▸ **Your task**:
Restate word for word the lines of the entries below, starting with the line that holds "X145288000Y-95398400D02*" and ending with the line that holds "X139668600Y-101123400D01*", and no others.

==========

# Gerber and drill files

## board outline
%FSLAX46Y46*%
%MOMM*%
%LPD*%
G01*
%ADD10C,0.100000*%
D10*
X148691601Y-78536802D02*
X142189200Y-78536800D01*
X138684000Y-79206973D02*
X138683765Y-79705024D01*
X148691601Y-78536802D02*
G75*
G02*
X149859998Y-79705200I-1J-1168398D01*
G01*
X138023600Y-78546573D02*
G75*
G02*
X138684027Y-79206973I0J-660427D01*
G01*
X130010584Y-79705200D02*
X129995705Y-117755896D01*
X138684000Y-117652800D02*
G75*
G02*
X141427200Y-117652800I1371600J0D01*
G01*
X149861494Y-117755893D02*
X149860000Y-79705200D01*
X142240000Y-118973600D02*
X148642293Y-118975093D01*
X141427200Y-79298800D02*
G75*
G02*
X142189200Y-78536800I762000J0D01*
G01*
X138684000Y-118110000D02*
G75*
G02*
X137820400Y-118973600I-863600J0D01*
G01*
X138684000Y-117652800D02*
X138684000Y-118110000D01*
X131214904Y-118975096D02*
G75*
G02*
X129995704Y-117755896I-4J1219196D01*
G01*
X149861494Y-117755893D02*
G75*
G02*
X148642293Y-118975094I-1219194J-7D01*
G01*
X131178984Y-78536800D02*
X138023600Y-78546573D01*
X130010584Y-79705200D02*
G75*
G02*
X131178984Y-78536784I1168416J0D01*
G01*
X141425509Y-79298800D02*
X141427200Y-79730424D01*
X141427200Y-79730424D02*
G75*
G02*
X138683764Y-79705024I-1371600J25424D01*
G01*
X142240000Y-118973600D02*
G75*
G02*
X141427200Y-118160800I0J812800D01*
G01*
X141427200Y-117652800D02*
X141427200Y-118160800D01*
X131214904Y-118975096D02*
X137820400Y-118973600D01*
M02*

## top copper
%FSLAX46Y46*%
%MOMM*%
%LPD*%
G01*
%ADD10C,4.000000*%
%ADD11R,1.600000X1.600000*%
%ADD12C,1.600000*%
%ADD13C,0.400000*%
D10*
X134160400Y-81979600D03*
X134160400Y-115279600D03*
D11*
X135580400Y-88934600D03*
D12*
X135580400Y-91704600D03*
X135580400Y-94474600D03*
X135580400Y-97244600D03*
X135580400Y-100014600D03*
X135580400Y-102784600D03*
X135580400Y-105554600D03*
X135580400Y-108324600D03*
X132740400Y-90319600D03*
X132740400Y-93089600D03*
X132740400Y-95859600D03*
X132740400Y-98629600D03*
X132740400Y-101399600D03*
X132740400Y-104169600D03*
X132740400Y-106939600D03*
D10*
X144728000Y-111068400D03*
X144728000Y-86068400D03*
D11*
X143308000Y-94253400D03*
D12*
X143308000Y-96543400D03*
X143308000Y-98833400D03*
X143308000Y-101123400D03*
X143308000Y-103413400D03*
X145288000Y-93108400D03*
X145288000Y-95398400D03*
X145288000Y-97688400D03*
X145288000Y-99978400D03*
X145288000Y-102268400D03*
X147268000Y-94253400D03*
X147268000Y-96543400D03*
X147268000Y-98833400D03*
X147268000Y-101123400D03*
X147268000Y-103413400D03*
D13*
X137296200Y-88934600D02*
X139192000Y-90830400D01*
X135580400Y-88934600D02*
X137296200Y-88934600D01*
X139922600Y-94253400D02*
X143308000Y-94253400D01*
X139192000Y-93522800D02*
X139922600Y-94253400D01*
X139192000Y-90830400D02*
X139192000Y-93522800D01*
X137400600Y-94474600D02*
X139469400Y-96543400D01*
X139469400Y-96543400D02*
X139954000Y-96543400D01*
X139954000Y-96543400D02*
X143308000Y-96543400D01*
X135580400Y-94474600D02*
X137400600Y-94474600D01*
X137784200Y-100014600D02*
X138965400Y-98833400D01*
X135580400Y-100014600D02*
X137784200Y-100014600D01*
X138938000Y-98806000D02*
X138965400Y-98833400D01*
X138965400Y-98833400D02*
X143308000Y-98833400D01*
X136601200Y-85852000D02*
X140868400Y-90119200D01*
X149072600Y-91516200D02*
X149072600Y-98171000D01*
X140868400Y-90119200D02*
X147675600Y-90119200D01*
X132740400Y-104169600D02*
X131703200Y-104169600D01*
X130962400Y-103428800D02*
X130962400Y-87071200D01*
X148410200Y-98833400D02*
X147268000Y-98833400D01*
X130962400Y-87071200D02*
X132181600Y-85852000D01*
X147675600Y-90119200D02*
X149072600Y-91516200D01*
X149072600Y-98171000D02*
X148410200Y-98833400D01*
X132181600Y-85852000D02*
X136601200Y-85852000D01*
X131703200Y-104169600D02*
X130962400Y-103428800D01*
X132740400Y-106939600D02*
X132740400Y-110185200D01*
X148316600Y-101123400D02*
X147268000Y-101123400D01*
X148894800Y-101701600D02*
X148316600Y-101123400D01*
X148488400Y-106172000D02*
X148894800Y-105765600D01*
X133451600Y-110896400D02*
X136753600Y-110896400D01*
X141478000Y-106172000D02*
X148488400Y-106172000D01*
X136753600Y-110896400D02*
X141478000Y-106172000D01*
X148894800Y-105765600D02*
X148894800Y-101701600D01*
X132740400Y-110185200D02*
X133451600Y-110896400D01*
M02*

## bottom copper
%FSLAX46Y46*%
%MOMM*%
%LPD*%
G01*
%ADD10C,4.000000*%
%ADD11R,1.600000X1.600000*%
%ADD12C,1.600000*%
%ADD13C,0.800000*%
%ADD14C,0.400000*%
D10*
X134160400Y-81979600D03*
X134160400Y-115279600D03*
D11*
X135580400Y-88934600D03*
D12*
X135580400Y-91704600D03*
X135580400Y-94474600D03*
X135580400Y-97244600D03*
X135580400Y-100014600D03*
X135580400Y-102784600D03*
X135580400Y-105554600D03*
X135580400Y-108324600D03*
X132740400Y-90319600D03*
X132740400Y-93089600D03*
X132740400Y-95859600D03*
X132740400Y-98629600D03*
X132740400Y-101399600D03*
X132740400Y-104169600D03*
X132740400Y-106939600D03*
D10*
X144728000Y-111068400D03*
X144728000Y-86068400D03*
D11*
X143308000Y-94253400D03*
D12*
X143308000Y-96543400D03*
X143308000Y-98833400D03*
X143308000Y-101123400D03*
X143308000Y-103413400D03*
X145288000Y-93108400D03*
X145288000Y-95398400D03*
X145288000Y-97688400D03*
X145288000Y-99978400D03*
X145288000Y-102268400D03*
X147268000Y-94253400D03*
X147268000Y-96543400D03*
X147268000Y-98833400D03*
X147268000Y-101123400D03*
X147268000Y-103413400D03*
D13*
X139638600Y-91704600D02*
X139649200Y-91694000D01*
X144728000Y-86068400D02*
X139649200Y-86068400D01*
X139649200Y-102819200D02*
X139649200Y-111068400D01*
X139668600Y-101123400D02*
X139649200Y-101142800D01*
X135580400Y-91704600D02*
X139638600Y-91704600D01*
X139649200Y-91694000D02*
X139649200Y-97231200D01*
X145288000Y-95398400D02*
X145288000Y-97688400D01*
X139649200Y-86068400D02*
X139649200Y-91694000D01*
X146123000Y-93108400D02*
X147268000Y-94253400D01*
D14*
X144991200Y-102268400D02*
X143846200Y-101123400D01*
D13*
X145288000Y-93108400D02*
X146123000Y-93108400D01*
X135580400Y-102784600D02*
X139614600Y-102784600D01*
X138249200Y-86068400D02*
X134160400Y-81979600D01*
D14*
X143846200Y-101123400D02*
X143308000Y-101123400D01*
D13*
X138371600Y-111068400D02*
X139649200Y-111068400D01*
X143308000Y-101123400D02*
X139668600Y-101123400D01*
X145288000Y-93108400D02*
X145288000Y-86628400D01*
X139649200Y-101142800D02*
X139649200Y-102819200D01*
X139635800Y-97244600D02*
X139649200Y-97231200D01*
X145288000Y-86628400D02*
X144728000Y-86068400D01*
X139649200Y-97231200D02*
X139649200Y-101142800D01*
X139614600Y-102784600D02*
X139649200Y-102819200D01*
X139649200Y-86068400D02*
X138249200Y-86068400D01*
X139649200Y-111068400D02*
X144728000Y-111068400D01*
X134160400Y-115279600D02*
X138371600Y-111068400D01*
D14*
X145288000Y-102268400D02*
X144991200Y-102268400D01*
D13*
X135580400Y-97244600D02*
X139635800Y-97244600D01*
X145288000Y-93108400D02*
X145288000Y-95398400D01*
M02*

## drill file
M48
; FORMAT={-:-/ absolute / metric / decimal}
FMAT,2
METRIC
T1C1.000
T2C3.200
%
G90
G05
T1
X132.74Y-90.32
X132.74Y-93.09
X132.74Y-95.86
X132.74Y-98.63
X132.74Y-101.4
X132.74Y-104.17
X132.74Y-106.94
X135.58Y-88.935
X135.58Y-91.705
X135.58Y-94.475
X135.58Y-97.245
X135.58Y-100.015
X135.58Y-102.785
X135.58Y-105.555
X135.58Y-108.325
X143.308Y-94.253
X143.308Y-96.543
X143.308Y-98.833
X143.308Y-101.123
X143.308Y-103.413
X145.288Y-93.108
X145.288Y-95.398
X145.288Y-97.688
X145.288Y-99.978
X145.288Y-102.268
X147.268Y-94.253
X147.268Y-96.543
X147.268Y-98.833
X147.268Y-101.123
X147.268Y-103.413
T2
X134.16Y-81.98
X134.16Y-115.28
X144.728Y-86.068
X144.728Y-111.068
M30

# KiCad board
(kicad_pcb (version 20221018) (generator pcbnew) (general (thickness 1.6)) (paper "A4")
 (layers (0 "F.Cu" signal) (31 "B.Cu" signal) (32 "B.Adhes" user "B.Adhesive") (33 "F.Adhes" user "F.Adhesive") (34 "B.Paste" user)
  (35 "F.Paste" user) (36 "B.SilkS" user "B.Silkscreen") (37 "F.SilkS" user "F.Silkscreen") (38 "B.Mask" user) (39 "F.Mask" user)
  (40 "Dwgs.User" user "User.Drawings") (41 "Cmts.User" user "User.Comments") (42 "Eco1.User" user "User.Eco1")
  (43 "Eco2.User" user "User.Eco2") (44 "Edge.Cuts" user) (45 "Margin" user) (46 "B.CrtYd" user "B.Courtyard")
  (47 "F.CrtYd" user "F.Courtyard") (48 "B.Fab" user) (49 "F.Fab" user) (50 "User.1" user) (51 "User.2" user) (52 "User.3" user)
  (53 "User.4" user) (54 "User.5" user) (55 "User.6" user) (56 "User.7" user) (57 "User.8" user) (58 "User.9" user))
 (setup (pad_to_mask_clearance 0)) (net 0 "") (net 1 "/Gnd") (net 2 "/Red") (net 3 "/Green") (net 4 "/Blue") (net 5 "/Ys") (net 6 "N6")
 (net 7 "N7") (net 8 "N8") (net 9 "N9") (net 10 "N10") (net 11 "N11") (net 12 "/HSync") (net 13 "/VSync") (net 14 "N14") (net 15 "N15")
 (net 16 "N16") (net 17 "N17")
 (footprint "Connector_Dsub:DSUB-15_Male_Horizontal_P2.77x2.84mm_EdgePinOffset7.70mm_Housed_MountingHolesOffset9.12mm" (layer "F.Cu")
  (at 135.5804 88.9346 -90)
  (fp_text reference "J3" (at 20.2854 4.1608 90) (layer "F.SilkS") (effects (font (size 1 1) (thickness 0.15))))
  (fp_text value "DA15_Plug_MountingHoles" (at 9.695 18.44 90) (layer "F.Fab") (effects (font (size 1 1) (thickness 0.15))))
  (pad "0" thru_hole circle (at -6.955 1.42 270) (size 4 4) (drill 3.2) (layers "*.Cu" "*.Mask") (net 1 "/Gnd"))
  (pad "0" thru_hole circle (at 26.345 1.42 270) (size 4 4) (drill 3.2) (layers "*.Cu" "*.Mask") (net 1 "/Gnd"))
  (pad "1" thru_hole rect (at 0 0 270) (size 1.6 1.6) (drill 1) (layers "*.Cu" "*.Mask") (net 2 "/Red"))
  (pad "2" thru_hole circle (at 2.77 0 270) (size 1.6 1.6) (drill 1) (layers "*.Cu" "*.Mask") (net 1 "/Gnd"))
  (pad "3" thru_hole circle (at 5.54 0 270) (size 1.6 1.6) (drill 1) (layers "*.Cu" "*.Mask") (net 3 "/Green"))
  (pad "4" thru_hole circle (at 8.31 0 270) (size 1.6 1.6) (drill 1) (layers "*.Cu" "*.Mask") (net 1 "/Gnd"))
  (pad "5" thru_hole circle (at 11.08 0 270) (size 1.6 1.6) (drill 1) (layers "*.Cu" "*.Mask") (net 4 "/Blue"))
  (pad "6" thru_hole circle (at 13.85 0 270) (size 1.6 1.6) (drill 1) (layers "*.Cu" "*.Mask") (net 1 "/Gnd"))
  (pad "7" thru_hole circle (at 16.62 0 270) (size 1.6 1.6) (drill 1) (layers "*.Cu" "*.Mask") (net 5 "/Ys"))
  (pad "8" thru_hole circle (at 19.39 0 270) (size 1.6 1.6) (drill 1) (layers "*.Cu" "*.Mask") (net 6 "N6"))
  (pad "9" thru_hole circle (at 1.385 2.84 270) (size 1.6 1.6) (drill 1) (layers "*.Cu" "*.Mask") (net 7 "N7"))
  (pad "10" thru_hole circle (at 4.155 2.84 270) (size 1.6 1.6) (drill 1) (layers "*.Cu" "*.Mask") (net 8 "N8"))
  (pad "11" thru_hole circle (at 6.925 2.84 270) (size 1.6 1.6) (drill 1) (layers "*.Cu" "*.Mask") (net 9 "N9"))
  (pad "12" thru_hole circle (at 9.695 2.84 270) (size 1.6 1.6) (drill 1) (layers "*.Cu" "*.Mask") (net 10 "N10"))
  (pad "13" thru_hole circle (at 12.465 2.84 270) (size 1.6 1.6) (drill 1) (layers "*.Cu" "*.Mask") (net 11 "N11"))
  (pad "14" thru_hole circle (at 15.235 2.84 270) (size 1.6 1.6) (drill 1) (layers "*.Cu" "*.Mask") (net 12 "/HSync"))
  (pad "15" thru_hole circle (at 18.005 2.84 270) (size 1.6 1.6) (drill 1) (layers "*.Cu" "*.Mask") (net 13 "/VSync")))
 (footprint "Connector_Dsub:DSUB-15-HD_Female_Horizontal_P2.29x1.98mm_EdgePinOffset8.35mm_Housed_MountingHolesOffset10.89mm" (layer "F.Cu")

==========

▸ **Solution to this task**:
X145288000Y-95398400D02*
X145288000Y-97688400D01*
X139649200Y-86068400D02*
X139649200Y-91694000D01*
X146123000Y-93108400D02*
X147268000Y-94253400D01*
D14*
X144991200Y-102268400D02*
X143846200Y-101123400D01*
D13*
X145288000Y-93108400D02*
X146123000Y-93108400D01*
X135580400Y-102784600D02*
X139614600Y-102784600D01*
X138249200Y-86068400D02*
X134160400Y-81979600D01*
D14*
X143846200Y-101123400D02*
X143308000Y-101123400D01*
D13*
X138371600Y-111068400D02*
X139649200Y-111068400D01*
X143308000Y-101123400D02*
X139668600Y-101123400D01*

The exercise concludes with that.